Almost every family has a favorite recipe that has stood the test of time — a popular dish with a story of its own that draws rave reviews from the generations.
The local Home Instead Senior Care office is encouraging family caregivers to dig into the family recipe box to find that dish, and prepare and share a meal with their senior loved one.
Then enter that recipe and the story about what makes the dish so special in the Craving Companionship Recipe Contest, which started July 15 and runs through Sept. 15. The contest is part of the Craving Companionship program at www.mealsandcompanionship.com, launched to help seniors stay connected socially and eat more nutritiously. Home Instead Senior Care network research has discovered that seniors’ biggest mealtime challenge is lack of companionship.
“Many seniors need help planning and preparing nutritious meals,” said Tom Suharik, owner of the Home Instead Senior Care office serving Yolo and upper Solano counties, in a news release. “But that’s only part of the story. Research reveals that seniors who live alone want good-tasting, nutritious food and stimulating conversation when they share home-cooked meals with family and friends.”
The program offers family caregivers tips and practical advice to encourage companionship and easy, healthy meals. For more details about the contest including guidelines and prizes, visit www.mealsandcompanionship.com. Selected recipes and stories will be posted online as well as in the Homemade Memories Cookbook that will be available for purchase in time for the 2011 holiday season. Proceeds will go to the nonprofit Home Instead Senior Care Foundation to benefit North American seniors.
Craving Companionship is geared to helping families support a nutritiously vulnerable population — older adults who live alone. In the United States, approximately 40 percent of the population age 75 and older — 6.7 million people — lives alone, according to the U.S. Census Bureau.
The Craving Companionship program and contest are incentives for families to find time to help their loved ones prepare the foods they’ve always loved and enjoy those dishes with them.
“Who likes to eat alone? Nobody,” said Sandy Markwood, CEO of the National Association of Area Agencies on Aging, an expert source for the Craving Companionship program whose members coordinate the popular home-delivered meals program, also known as Meals On Wheels.
“We share the Home Instead Senior Care mission to help older adults live with confidence at home for as long as possible by providing the support they need. Because when a senior is isolated, it’s indicative of bigger challenges that person could be facing.”
Two of five seniors who live alone, or 44 percent, have at least four warning signs of poor nutritional health, which were previously identified and published by the Nutrition Screening Initiative.
According to Home Instead Senior Care network research, the most common of these warning signs and their incidence rates are:
* Eating alone most of the time (76 percent)
* Taking three or more different medications a day (71 percent)
* Eating few fruits, vegetables or milk products (46 percent)
* Having an illness/condition that prompted a change in diet (31 percent)
* Not always being physically able to shop, cook or feed themselves (25 percent)

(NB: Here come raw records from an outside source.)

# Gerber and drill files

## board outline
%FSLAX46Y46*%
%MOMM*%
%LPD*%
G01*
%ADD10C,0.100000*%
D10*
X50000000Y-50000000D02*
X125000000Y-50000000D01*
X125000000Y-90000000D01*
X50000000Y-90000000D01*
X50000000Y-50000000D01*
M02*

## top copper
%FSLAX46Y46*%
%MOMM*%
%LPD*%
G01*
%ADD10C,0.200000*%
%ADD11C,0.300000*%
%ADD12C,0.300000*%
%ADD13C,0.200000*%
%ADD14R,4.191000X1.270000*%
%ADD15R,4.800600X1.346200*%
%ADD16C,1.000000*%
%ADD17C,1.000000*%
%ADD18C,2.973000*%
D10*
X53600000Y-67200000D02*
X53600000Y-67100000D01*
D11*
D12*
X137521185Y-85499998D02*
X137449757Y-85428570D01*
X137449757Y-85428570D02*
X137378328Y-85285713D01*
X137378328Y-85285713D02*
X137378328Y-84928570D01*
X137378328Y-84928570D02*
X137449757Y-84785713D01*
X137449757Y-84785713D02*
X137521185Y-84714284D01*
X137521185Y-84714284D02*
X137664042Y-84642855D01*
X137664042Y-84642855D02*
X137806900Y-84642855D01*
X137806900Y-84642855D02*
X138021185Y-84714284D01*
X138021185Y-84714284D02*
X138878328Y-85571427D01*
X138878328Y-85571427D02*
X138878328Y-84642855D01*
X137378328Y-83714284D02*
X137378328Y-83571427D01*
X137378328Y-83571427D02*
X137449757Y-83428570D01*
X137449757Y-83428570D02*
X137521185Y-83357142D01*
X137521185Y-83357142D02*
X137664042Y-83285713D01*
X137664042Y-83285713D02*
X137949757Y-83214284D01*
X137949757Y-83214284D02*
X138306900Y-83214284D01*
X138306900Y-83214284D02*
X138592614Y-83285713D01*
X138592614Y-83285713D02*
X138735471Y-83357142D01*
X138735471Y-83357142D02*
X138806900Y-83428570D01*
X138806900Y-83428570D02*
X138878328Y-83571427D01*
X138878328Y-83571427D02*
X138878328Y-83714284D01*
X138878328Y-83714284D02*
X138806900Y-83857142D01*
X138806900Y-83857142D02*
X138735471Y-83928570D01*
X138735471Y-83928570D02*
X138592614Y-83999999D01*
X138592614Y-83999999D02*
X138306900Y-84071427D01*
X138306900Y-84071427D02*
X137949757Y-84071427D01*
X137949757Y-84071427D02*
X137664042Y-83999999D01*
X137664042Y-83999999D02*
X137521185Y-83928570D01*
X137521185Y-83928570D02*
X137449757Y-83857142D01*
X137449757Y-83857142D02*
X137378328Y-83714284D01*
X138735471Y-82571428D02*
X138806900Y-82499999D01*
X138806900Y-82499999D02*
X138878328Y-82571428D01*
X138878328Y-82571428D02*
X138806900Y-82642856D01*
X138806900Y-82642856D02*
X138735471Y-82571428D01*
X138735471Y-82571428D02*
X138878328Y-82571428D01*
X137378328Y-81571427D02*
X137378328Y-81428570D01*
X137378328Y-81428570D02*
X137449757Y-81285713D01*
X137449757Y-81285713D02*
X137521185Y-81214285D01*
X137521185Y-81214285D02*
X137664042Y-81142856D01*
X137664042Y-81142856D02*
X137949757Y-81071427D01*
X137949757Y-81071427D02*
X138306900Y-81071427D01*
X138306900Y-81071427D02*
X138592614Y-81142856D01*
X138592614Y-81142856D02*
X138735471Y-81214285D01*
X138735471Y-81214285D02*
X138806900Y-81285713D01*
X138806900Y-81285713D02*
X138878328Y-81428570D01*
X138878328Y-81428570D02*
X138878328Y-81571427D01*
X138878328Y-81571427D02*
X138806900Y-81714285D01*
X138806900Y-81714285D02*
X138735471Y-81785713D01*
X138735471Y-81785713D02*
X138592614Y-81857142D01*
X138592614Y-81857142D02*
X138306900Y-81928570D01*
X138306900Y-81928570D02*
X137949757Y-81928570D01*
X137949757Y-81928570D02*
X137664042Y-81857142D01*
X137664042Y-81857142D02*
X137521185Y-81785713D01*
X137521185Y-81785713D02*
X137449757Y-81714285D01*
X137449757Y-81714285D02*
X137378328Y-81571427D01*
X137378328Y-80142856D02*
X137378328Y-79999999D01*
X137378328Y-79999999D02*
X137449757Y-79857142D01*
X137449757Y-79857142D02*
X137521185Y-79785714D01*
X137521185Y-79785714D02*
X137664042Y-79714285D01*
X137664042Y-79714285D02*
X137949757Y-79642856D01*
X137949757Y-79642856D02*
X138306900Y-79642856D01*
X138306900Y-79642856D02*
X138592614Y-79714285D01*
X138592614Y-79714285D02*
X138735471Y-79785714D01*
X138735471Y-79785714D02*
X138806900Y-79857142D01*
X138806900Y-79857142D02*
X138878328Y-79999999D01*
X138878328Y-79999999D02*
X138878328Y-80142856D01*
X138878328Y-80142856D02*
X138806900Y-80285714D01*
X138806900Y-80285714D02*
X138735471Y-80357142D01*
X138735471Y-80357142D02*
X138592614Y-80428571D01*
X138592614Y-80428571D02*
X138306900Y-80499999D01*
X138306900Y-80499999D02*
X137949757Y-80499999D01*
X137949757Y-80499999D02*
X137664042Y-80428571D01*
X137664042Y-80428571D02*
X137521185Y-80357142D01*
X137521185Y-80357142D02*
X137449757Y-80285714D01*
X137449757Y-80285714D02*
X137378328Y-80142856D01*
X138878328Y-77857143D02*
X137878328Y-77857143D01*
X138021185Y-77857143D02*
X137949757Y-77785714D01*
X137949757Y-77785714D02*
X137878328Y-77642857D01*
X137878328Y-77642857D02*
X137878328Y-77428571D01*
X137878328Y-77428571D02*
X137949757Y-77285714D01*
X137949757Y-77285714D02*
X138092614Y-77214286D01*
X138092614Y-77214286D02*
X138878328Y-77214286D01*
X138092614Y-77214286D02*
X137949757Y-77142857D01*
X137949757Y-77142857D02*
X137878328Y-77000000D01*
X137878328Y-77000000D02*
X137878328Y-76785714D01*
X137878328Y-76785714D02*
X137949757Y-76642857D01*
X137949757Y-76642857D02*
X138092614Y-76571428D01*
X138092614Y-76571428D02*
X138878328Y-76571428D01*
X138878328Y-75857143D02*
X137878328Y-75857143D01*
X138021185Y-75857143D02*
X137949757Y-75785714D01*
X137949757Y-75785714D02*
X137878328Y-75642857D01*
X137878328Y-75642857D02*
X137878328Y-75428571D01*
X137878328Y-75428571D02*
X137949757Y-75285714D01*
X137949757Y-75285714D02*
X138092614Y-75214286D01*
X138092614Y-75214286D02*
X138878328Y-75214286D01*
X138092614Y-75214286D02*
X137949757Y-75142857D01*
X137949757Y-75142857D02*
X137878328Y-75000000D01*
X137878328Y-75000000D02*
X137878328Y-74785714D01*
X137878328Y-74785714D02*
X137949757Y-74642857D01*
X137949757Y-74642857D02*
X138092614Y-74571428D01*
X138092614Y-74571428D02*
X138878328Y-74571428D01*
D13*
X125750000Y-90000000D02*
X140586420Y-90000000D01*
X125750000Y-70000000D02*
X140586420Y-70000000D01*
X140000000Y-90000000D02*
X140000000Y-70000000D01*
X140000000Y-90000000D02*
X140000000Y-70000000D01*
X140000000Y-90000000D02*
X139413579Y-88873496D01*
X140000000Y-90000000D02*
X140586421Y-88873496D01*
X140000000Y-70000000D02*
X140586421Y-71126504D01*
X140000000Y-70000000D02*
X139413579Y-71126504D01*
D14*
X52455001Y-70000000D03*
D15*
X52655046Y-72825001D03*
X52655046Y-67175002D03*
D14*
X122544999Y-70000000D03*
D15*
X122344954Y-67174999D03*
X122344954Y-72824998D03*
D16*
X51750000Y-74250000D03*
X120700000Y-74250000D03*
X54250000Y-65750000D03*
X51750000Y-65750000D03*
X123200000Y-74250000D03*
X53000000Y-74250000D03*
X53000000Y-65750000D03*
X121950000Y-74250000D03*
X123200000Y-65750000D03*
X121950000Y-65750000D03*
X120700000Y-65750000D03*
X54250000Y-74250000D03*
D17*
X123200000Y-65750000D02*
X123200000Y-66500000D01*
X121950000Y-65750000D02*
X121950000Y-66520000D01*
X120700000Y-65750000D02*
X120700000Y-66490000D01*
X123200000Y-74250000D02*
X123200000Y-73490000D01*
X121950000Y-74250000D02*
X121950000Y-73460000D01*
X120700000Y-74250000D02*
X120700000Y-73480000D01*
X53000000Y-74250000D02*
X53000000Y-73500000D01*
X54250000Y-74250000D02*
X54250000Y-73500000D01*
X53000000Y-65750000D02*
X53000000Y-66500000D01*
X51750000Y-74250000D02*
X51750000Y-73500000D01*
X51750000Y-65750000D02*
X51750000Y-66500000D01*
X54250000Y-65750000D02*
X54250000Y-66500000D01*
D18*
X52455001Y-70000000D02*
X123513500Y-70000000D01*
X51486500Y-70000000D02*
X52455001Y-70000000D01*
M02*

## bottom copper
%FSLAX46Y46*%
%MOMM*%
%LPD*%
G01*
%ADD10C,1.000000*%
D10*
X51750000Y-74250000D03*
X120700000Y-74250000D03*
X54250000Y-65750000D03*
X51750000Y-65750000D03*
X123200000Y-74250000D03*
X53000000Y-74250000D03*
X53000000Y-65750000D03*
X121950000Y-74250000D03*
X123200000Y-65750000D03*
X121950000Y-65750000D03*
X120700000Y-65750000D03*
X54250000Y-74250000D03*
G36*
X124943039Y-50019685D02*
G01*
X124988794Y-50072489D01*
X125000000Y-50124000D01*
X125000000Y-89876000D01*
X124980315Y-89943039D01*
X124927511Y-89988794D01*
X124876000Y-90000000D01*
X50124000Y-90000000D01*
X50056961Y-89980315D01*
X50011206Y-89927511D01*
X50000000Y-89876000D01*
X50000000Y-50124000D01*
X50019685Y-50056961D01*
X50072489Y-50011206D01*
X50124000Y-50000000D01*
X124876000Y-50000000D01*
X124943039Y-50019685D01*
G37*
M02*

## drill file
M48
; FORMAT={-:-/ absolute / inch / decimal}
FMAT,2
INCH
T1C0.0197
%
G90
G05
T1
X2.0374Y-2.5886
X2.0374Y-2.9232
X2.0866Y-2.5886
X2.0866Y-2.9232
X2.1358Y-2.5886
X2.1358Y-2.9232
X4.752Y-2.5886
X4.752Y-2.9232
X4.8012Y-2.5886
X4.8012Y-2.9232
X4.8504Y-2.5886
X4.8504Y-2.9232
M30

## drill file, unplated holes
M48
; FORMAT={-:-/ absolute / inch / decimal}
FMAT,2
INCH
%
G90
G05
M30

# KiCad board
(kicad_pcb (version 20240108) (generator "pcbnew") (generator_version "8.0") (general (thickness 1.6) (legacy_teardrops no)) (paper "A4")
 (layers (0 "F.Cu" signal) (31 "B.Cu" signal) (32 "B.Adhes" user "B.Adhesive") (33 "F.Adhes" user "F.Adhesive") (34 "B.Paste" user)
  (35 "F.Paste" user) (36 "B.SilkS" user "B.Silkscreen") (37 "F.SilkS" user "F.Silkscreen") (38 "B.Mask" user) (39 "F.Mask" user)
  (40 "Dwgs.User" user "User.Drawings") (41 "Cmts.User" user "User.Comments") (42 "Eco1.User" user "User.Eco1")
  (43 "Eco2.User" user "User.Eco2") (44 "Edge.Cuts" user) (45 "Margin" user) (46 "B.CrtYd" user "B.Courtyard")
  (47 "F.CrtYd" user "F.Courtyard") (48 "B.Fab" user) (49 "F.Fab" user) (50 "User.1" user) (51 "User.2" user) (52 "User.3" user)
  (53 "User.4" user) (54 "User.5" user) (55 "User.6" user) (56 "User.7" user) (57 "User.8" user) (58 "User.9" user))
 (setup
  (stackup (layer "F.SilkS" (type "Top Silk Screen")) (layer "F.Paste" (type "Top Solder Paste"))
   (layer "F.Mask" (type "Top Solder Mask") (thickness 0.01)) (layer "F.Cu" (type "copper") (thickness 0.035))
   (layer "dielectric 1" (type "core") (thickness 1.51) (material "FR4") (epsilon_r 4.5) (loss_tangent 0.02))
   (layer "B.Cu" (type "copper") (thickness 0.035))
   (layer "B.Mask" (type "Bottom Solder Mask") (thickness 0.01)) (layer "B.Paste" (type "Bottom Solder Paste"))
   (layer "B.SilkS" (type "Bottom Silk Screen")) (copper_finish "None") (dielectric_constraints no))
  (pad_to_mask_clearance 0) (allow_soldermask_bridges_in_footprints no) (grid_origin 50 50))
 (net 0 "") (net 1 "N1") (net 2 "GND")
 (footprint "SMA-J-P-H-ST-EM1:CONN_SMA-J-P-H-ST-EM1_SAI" (layer "F.Cu") (at 52.16 70 90)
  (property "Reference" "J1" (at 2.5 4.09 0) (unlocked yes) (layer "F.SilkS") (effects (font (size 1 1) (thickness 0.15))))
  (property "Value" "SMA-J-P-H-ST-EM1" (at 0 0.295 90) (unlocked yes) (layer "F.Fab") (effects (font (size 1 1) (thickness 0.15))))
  (pad "1" smd rect (at 0 0.295001 90) (size 1.27 4.191) (layers "F.Cu" "F.Paste" "F.Mask") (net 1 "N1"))
  (pad "2" smd rect (at -2.825001 0.495046 90) (size 1.3462 4.8006) (layers "F.Cu" "F.Paste" "F.Mask") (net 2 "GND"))
  (pad "3" smd rect (at 2.824998 0.495046 90) (size 1.3462 4.8006) (layers "F.Cu" "F.Paste" "F.Mask") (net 2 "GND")))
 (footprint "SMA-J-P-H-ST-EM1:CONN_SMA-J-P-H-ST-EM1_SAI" (layer "F.Cu") (at 122.84 70 -90)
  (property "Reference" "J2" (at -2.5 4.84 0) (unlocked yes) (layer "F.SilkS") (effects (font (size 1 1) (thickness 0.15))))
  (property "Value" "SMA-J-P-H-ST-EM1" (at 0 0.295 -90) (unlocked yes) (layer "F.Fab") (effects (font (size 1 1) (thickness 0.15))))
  (pad "1" smd rect (at 0 0.295001 270) (size 1.27 4.191) (layers "F.Cu" "F.Paste" "F.Mask") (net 1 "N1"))
  (pad "2" smd rect (at -2.825001 0.495046 270) (size 1.3462 4.8006) (layers "F.Cu" "F.Paste" "F.Mask") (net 2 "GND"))
  (pad "3" smd rect (at 2.824998 0.495046 270) (size 1.3462 4.8006) (layers "F.Cu" "F.Paste" "F.Mask") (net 2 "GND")))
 (gr_line (start 53.6 67.2) (end 53.6 67.1) (stroke (width 0.2) (type default)) (layer "F.Cu") (net 2))
 (gr_rect (start 50 50) (end 125 90) (stroke (width 0.1) (type default)) (fill none) (layer "Edge.Cuts"))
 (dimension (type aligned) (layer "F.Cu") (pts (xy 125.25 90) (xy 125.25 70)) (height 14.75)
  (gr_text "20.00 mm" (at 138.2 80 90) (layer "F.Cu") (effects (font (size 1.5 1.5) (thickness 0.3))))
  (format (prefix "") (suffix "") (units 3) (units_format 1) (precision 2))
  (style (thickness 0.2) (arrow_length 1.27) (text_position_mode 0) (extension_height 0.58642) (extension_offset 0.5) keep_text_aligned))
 (segment (start 123.2 65.75) (end 123.2 66.5) (width 1) (layer "F.Cu") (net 2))
 (segment (start 120.7 74.25) (end 120.7 73.48) (width 1) (layer "F.Cu") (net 2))
 (segment (start 53 74.25) (end 53 73.5) (width 1) (layer "F.Cu") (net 2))
 (segment (start 54.25 74.25) (end 54.25 73.5) (width 1) (layer "F.Cu") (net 2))
 (segment (start 53 65.75) (end 53 66.5) (width 1) (layer "F.Cu") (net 2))
 (segment (start 123.2 74.25) (end 123.2 73.49) (width 1) (layer "F.Cu") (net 2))
 (segment (start 121.95 65.75) (end 121.95 66.52) (width 1) (layer "F.Cu") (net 2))
 (segment (start 51.75 74.25) (end 51.75 73.5) (width 1) (layer "F.Cu") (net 2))
 (segment (start 51.75 65.75) (end 51.75 66.5) (width 1) (layer "F.Cu") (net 2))
 (segment (start 54.25 65.75) (end 54.25 66.5) (width 1) (layer "F.Cu") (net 2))
 (segment (start 120.7 65.75) (end 120.7 66.49) (width 1) (layer "F.Cu") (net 2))
 (segment (start 121.95 74.25) (end 121.95 73.46) (width 1) (layer "F.Cu") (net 2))
 (via (at 51.75 74.25) (size 1) (drill 0.5) (layers "F.Cu" "B.Cu") (free yes) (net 2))
 (via (at 120.7 74.25) (size 1) (drill 0.5) (layers "F.Cu" "B.Cu") (free yes) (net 2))
 (via (at 54.25 65.75) (size 1) (drill 0.5) (layers "F.Cu" "B.Cu") (free yes) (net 2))
 (via (at 51.75 65.75) (size 1) (drill 0.5) (layers "F.Cu" "B.Cu") (free yes) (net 2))
 (via (at 123.2 74.25) (size 1) (drill 0.5) (layers "F.Cu" "B.Cu") (free yes) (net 2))
 (via (at 53 74.25) (size 1) (drill 0.5) (layers "F.Cu" "B.Cu") (free yes) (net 2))
 (via (at 53 65.75) (size 1) (drill 0.5) (layers "F.Cu" "B.Cu") (free yes) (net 2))
 (via (at 121.95 74.25) (size 1) (drill 0.5) (layers "F.Cu" "B.Cu") (free yes) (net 2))
 (via (at 123.2 65.75) (size 1) (drill 0.5) (layers "F.Cu" "B.Cu") (free yes) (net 2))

“Home Instead Senior Care research shows that 59 percent of seniors who live alone say they eat more nutritiously when family and friends are around,” Suharik said in the news release. “They really enjoy having that connection with someone, whether it’s a family caregiver or a professional CAREGiver.”
For its research, the Home Instead Senior Care network completed 600 telephone interviews with seniors age 75 and older in the U.S. who live alone in their own homes or apartments. The sampling error is plus or minus 4 percent with a 95 percent confidence level.
Founded in 1994 in Omaha, Neb., by Lori and Paul Hogan, the Home Instead Senior Care network is the world’s largest provider of non-medical, in-home care services for seniors, with more than 900 independently owned and operated franchises providing in excess of 45 million hours of care throughout the United States and many other countries.
Home Instead Senior Care franchises employ more than 65,000 CAREGivers worldwide who provide basic support services — activities of daily living, personal care, medication reminders, meal preparation, light housekeeping, errands, incidental transportation and shopping — which enable seniors to live safely and comfortably in their own homes for as long as possible.